With the cancellation, there was an option to run a virtual race. Although I enjoyed my first experience running a virtual half marathon in 2020, I did not want my first full marathon experience to be virtual. A decision had to be made—stop my marathon training or find another in-person race. So, I searched for an in-person race and found one within a two-hour drive of my home. Perfect. Since the race date was two months later than the Disney race I had been training for, I abandoned my marathon training plan and went back to my regular running routine until it was time to restart the plan for my new race.
Not long after, I learned about a local in-person half marathon to be held on New Year’s Day. After looking at the dates and mileage on my marathon training plan, I realized that the half marathon would fit nicely in the plan. After the craziness of 2020, beginning 2021 with an in-person race sounded fantastic! I registered for the race and kept running, starting my marathon plan on the designated date.
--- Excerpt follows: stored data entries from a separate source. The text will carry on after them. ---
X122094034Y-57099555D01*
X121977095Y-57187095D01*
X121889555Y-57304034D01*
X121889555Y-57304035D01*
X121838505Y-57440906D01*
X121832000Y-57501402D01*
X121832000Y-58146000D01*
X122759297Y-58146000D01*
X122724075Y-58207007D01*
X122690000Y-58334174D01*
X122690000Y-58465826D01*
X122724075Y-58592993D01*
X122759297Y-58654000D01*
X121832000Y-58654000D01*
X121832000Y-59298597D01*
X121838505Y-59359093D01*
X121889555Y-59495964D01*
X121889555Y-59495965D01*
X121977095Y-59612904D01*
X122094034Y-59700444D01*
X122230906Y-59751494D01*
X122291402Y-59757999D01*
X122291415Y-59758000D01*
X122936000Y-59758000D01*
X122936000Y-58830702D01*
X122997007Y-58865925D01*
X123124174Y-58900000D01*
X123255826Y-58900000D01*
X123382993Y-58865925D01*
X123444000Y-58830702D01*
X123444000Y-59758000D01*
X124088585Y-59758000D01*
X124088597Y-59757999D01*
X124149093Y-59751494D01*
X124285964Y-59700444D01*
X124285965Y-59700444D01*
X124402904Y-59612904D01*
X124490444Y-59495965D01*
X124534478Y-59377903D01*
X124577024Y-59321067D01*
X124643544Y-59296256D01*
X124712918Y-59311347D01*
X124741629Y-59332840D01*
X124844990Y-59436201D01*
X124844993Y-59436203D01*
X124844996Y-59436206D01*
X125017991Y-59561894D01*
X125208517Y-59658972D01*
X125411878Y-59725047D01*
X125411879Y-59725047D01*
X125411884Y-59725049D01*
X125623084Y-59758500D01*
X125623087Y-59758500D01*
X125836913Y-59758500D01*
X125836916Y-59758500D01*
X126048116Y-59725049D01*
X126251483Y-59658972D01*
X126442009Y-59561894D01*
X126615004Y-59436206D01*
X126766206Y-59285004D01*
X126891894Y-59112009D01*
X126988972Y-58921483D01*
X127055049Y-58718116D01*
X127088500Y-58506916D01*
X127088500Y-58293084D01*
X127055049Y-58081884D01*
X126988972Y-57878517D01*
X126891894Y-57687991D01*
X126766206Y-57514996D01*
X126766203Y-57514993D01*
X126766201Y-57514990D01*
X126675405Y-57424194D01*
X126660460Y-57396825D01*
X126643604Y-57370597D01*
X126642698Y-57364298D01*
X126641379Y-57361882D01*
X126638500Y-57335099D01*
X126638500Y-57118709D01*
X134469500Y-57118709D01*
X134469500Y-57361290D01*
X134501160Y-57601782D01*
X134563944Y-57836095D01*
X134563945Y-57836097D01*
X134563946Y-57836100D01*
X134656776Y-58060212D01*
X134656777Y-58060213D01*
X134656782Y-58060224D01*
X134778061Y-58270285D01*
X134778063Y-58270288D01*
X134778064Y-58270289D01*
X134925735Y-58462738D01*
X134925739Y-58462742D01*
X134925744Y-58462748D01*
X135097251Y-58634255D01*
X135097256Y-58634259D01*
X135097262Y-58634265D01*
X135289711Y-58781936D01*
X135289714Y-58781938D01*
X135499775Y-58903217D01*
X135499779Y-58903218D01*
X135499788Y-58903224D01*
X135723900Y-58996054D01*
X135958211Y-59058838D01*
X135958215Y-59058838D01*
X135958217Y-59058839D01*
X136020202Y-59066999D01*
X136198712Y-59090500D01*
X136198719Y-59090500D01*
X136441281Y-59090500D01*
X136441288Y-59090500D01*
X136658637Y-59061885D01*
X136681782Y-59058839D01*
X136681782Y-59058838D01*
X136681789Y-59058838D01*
Everything was going well until a few weeks before the half marathon when I experienced a knee injury. I had learned my lesson about pushing through an injury in the past, so I was very cautious with my training and gave my legs plenty of rest. My mind, however, did not rest at all. Should I run the race or skip it? Would I injure myself more if I tried to run? Could I even run the distance with my current level of fitness, or would I have to walk most of it? My brain was in overdrive. I couldn’t sleep and my stomach was in knots. It wasn’t just the injury either. I wasn’t familiar with the race organizer or the course, and there was little communication leading up to the race. I did not know what I was getting myself into. For someone with a history of anxiety, this was not helpful.
The days leading up to the race were not pleasant. I was not optimistic and considered not going. Then, my eldest son said something that caused me to look inward. He said, “you’ve done this before.” He was referring to the race distance. Yes, I had done it several times before. Why couldn’t I do it now? Was it really the injury? No. I knew I could complete the distance even if I had to walk it. What was causing me so much grief? I realized the root issue was fear. I had let my fear of the unknown consume me. I had let what was supposed to be a fun race to kick off the new year turn into a major stumbling block. I didn’t have to do the race if I didn’t really want to. It wouldn’t matter if I walked the race. It wouldn’t even matter if I finished the race. Sure, I would be disappointed if I dropped out, but I didn’t need to be afraid. On New Year’s Day, I ran the race. The last few miles were painful, but I finished the distance.
Fast forward to today. My marathon training was going well until a week ago when I aggravated my IT band. Now, less than two weeks before my race, I am dealing with an injury. Does this sound familiar? I’m supposed to run my first full marathon and I don’t know if I can do it. That same fear I experienced before the half marathon is here. It’s been wreaking havoc again, too. Did I not learn my lesson last time?
I read that the most repeated command in the Bible is “fear not.” Does that mean we should feel guilty or ashamed when fear shows up? No, I don’t think so. I think we need to look at the why behind the command. There are many verses in scripture that point to this why. As a Christian, I know I am not alone in this world. I don’t need to be afraid because God is with me. He is for me. He has carried me through some horrible situations. No matter what happens, He’ll be there.
So, what can you do when fear comes calling? I would like to say that I have conquered fear, but as you now know, that is not the case. I am learning to deal with it, and there are things that have helped me. Perhaps they will help you.
First recognize fear for what it is—an emotion. That might be easier said than done. Your brain may try to rationalize your fear and disguise it. Believe me, I’m an expert at finding logical reasons I shouldn’t do something that I fear.
Once you recognize the fear emotion, try to think about what’s causing that fear. What are all the possible outcomes for your situation? What is the worst thing that could happen? Then look for evidence from your experiences to support what fear is telling you. Did you walk through something challenging and stay there forever, or did you get through it? What makes you think you won’t get through it this time?
Finally, focus on what is true. Fear is just an emotion. You can move forward even if it is uncomfortable. Remind yourself of how far you’ve come already.
I don’t know what will happen with my upcoming race, but I have successfully completed almost all my training. I ran the long miles and put in the hard work to get to this point. That is worth celebrating. Whether this injury derails my race plans is yet to be seen. All I can do now is move past the fear and trust that God has a plan. In my heart, I know that His plan is best.